[Saved entries]
⁂

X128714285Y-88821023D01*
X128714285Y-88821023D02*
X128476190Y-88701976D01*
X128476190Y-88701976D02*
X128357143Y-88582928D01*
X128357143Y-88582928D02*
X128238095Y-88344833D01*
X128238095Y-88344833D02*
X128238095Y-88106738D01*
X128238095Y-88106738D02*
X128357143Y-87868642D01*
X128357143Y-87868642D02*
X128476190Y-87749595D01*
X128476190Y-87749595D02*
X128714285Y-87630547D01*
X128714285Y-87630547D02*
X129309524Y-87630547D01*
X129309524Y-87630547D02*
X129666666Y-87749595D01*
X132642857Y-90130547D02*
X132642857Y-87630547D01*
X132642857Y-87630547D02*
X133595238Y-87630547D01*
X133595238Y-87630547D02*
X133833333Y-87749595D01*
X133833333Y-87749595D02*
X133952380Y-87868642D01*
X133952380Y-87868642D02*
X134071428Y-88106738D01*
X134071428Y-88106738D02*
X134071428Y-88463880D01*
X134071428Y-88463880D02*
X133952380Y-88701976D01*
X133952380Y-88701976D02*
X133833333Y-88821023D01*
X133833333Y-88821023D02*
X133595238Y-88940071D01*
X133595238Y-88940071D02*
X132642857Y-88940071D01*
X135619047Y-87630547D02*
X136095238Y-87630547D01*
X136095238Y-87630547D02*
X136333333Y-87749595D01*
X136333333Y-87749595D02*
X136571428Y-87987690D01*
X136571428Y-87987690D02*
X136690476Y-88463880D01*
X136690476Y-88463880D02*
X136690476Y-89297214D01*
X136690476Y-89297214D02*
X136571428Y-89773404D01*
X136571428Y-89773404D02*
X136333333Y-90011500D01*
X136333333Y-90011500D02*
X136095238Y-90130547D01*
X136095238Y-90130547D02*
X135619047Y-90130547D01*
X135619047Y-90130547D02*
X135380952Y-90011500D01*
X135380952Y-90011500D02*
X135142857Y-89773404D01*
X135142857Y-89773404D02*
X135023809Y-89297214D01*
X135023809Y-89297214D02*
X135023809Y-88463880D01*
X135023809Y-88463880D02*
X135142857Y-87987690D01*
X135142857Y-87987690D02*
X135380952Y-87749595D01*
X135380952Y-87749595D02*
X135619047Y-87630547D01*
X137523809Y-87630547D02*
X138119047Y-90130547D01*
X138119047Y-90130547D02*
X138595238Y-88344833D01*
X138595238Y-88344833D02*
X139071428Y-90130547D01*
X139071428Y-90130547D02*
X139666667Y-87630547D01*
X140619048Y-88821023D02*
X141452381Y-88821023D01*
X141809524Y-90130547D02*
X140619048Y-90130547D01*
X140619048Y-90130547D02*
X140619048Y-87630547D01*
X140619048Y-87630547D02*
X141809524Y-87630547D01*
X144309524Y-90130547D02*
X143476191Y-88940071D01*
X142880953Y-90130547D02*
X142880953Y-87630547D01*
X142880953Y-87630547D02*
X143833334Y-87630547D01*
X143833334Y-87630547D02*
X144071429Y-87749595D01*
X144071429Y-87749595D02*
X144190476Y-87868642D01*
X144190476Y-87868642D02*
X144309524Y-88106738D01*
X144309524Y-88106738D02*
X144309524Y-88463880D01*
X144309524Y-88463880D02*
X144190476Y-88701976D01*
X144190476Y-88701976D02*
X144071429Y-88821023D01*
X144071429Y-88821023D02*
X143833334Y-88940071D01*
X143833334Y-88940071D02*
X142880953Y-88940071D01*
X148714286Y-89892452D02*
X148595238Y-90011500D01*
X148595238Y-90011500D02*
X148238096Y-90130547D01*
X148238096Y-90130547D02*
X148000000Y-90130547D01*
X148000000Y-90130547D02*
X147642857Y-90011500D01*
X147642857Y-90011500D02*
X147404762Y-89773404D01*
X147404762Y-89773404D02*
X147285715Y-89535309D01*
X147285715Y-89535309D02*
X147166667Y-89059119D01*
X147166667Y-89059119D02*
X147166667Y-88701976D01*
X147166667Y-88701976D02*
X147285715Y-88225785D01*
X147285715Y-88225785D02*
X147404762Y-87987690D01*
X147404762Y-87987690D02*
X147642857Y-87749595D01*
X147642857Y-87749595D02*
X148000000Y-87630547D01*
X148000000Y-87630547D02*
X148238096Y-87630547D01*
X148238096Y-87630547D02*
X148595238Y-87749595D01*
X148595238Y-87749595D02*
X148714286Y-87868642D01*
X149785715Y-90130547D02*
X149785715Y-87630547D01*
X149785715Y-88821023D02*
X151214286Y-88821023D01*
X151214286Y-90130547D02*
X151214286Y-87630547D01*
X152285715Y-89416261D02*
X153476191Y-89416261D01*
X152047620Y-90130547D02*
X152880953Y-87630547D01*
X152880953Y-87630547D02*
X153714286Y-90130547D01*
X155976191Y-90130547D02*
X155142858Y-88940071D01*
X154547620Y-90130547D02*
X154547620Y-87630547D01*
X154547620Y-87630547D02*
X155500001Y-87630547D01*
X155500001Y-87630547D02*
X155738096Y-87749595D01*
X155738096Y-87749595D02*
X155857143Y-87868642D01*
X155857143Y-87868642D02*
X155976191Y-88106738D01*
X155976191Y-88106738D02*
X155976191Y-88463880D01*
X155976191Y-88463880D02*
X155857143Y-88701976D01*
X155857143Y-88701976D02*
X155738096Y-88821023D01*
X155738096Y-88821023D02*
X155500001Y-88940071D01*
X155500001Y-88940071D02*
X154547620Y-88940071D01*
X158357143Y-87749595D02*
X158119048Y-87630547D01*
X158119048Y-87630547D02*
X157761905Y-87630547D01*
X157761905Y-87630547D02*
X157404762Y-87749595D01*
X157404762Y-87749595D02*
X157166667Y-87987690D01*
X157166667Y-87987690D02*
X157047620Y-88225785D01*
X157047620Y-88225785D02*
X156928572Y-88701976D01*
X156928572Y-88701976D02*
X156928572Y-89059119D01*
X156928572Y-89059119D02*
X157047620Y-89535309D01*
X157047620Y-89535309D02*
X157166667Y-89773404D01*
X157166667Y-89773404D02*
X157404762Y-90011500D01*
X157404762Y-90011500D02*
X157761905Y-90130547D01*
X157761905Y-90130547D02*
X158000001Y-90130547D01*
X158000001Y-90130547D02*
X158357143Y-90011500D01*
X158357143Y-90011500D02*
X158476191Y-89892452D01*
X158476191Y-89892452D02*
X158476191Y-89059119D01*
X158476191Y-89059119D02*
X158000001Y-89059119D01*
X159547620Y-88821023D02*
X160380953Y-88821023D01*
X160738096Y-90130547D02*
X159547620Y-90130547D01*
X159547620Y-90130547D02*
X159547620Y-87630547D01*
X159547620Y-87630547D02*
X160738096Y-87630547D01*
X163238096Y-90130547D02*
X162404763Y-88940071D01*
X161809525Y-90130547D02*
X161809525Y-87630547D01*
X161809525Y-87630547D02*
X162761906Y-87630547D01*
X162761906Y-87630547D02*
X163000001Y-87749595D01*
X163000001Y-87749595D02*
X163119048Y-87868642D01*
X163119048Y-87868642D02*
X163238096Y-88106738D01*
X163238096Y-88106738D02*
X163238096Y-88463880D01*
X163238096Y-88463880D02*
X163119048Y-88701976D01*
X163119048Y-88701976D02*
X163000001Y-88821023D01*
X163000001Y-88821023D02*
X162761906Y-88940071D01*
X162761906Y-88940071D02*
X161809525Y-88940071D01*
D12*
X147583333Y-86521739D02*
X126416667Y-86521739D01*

⁂

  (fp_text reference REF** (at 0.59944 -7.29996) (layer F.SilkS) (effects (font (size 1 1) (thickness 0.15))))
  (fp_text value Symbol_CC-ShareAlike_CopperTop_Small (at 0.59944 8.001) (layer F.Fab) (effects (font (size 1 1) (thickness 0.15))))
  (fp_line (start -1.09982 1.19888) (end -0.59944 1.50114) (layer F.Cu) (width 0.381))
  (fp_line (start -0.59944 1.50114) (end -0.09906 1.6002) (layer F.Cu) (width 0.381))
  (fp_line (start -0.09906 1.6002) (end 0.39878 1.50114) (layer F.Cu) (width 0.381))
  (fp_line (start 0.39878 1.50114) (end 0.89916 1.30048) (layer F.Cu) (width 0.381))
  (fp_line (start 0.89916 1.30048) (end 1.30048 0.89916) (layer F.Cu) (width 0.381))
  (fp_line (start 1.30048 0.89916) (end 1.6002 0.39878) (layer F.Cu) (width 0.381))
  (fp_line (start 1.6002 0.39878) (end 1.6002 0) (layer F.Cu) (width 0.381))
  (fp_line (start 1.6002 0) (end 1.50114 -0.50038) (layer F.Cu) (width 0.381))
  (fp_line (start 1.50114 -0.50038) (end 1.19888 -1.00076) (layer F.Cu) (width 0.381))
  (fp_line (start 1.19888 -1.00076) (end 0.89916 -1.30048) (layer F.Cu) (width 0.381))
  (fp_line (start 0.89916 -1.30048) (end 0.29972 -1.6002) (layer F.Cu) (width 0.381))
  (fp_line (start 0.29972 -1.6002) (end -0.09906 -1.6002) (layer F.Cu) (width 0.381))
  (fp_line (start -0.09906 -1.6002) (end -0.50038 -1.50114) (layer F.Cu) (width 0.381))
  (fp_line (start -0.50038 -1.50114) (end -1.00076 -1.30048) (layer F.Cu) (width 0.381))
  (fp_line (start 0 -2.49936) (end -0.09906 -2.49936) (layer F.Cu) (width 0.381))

⁂

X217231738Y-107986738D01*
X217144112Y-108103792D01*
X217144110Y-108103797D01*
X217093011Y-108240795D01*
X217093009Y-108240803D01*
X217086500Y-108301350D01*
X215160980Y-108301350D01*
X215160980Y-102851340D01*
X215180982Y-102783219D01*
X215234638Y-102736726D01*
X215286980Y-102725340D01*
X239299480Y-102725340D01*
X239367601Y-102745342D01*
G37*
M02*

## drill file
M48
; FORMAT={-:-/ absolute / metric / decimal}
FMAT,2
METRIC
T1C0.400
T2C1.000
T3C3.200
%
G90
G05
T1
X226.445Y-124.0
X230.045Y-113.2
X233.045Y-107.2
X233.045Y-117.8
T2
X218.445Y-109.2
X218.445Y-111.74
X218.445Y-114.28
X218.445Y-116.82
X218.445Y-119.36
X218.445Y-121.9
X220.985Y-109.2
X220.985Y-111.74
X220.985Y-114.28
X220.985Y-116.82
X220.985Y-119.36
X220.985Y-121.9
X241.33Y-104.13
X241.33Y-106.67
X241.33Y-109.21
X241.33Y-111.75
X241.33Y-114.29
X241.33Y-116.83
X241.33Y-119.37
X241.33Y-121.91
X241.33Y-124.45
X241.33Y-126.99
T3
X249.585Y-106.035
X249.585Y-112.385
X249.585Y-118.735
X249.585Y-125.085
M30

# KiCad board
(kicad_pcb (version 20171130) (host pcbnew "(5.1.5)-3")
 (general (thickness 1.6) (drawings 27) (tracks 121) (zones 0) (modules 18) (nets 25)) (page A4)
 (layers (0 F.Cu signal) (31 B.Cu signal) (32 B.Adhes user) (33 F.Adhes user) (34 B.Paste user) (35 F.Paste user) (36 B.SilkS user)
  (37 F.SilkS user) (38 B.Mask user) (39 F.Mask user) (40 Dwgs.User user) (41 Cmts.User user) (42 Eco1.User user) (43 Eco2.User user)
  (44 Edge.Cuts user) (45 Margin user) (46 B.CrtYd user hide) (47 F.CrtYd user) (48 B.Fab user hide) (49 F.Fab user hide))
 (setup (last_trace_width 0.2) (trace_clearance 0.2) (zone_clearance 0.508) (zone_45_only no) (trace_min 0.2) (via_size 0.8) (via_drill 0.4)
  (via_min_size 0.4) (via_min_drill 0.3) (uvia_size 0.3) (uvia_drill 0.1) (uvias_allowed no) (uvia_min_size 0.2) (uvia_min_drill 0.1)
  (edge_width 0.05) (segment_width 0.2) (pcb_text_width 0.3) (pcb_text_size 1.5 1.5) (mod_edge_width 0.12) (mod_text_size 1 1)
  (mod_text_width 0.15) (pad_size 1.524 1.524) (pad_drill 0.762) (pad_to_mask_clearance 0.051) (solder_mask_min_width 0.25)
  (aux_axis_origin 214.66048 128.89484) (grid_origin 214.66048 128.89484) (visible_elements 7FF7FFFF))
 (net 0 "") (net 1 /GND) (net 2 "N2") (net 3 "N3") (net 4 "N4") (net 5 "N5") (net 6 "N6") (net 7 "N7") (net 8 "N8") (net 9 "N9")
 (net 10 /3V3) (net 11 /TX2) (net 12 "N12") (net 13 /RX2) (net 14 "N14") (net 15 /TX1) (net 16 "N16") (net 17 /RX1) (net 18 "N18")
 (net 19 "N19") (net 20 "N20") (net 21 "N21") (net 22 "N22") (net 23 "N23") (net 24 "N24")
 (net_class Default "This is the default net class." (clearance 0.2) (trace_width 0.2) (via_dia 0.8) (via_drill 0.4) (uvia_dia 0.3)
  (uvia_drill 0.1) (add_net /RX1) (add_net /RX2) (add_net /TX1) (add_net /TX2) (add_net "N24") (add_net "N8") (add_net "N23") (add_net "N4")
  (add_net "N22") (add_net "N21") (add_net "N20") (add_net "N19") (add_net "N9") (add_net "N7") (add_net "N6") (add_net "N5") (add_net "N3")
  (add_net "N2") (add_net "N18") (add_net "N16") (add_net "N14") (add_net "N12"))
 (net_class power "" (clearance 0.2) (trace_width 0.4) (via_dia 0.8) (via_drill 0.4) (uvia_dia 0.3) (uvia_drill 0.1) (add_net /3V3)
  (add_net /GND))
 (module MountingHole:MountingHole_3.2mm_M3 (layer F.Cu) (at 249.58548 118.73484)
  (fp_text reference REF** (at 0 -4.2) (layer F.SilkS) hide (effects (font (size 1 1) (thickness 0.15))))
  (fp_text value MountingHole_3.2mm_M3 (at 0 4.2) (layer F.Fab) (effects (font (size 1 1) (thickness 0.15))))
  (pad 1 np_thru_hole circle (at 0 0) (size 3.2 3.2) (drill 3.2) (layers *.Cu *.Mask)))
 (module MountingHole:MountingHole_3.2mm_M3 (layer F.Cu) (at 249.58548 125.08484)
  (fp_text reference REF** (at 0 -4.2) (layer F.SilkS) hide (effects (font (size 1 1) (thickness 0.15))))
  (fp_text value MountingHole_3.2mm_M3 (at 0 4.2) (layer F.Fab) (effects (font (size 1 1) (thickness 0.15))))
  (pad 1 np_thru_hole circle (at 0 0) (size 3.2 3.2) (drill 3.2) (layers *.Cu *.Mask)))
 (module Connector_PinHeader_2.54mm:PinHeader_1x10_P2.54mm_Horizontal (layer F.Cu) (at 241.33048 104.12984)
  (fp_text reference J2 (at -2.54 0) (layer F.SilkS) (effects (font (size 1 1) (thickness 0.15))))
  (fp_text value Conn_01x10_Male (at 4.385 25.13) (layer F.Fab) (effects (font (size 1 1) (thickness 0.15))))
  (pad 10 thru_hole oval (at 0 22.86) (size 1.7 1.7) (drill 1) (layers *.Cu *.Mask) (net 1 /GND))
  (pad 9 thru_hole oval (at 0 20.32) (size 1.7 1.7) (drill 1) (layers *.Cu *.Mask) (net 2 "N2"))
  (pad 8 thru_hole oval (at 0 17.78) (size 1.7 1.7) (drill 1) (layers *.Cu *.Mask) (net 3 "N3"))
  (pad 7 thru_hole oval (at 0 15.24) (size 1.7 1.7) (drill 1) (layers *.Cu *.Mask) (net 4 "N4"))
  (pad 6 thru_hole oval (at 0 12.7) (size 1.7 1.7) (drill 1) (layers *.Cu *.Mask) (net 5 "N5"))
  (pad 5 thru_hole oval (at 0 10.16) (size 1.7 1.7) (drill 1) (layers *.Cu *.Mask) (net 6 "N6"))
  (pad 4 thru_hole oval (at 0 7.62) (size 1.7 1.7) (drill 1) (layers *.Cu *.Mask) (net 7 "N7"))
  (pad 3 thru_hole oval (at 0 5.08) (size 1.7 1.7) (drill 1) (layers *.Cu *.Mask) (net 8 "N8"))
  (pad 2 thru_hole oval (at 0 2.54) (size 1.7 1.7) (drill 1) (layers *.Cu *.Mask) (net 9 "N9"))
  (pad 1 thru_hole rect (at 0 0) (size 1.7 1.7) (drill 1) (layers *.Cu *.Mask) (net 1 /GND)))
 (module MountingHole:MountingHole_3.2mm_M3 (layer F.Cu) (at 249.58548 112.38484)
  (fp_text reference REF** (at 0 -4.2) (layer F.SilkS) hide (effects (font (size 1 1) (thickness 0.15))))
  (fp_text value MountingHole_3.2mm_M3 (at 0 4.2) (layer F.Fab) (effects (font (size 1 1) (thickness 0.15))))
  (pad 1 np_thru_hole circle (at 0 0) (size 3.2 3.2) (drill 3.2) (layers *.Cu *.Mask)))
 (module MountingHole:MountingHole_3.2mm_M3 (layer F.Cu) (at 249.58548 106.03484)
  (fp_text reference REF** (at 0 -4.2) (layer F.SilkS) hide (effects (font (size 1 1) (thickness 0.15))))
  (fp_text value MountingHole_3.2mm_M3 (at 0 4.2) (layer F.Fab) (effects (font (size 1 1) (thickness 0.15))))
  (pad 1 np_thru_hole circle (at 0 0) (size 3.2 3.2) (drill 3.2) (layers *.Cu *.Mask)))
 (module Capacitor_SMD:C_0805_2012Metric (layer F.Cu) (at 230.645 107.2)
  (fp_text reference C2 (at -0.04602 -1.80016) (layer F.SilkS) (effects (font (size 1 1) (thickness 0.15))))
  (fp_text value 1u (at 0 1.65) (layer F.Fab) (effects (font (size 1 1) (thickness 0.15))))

⁂

• Assignment
From the line holding "X136333333Y-87749595D02*" to the line holding "X147166667Y-88701976D02*", inclusive, restate each line above exactly as written.

• Answer to the problem
X136333333Y-87749595D02*
X136571428Y-87987690D01*
X136571428Y-87987690D02*
X136690476Y-88463880D01*
X136690476Y-88463880D02*
X136690476Y-89297214D01*
X136690476Y-89297214D02*
X136571428Y-89773404D01*
X136571428Y-89773404D02*
X136333333Y-90011500D01*
X136333333Y-90011500D02*
X136095238Y-90130547D01*
X136095238Y-90130547D02*
X135619047Y-90130547D01*
X135619047Y-90130547D02*
X135380952Y-90011500D01*
X135380952Y-90011500D02*
X135142857Y-89773404D01*
X135142857Y-89773404D02*
X135023809Y-89297214D01*
X135023809Y-89297214D02*
X135023809Y-88463880D01*
X135023809Y-88463880D02*
X135142857Y-87987690D01*
X135142857Y-87987690D02*
X135380952Y-87749595D01*
X135380952Y-87749595D02*
X135619047Y-87630547D01*
X137523809Y-87630547D02*
X138119047Y-90130547D01*
X138119047Y-90130547D02*
X138595238Y-88344833D01*
X138595238Y-88344833D02*
X139071428Y-90130547D01*
X139071428Y-90130547D02*
X139666667Y-87630547D01*
X140619048Y-88821023D02*
X141452381Y-88821023D01*
X141809524Y-90130547D02*
X140619048Y-90130547D01*
X140619048Y-90130547D02*
X140619048Y-87630547D01*
X140619048Y-87630547D02*
X141809524Y-87630547D01*
X144309524Y-90130547D02*
X143476191Y-88940071D01*
X142880953Y-90130547D02*
X142880953Y-87630547D01*
X142880953Y-87630547D02*
X143833334Y-87630547D01*
X143833334Y-87630547D02*
X144071429Y-87749595D01*
X144071429Y-87749595D02*
X144190476Y-87868642D01*
X144190476Y-87868642D02*
X144309524Y-88106738D01*
X144309524Y-88106738D02*
X144309524Y-88463880D01*
X144309524Y-88463880D02*
X144190476Y-88701976D01*
X144190476Y-88701976D02*
X144071429Y-88821023D01*
X144071429Y-88821023D02*
X143833334Y-88940071D01*
X143833334Y-88940071D02*
X142880953Y-88940071D01*
X148714286Y-89892452D02*
X148595238Y-90011500D01*
X148595238Y-90011500D02*
X148238096Y-90130547D01*
X148238096Y-90130547D02*
X148000000Y-90130547D01*
X148000000Y-90130547D02*
X147642857Y-90011500D01*
X147642857Y-90011500D02*
X147404762Y-89773404D01*
X147404762Y-89773404D02*
X147285715Y-89535309D01*
X147285715Y-89535309D02*
X147166667Y-89059119D01*
X147166667Y-89059119D02*
X147166667Y-88701976D01*
X147166667Y-88701976D02*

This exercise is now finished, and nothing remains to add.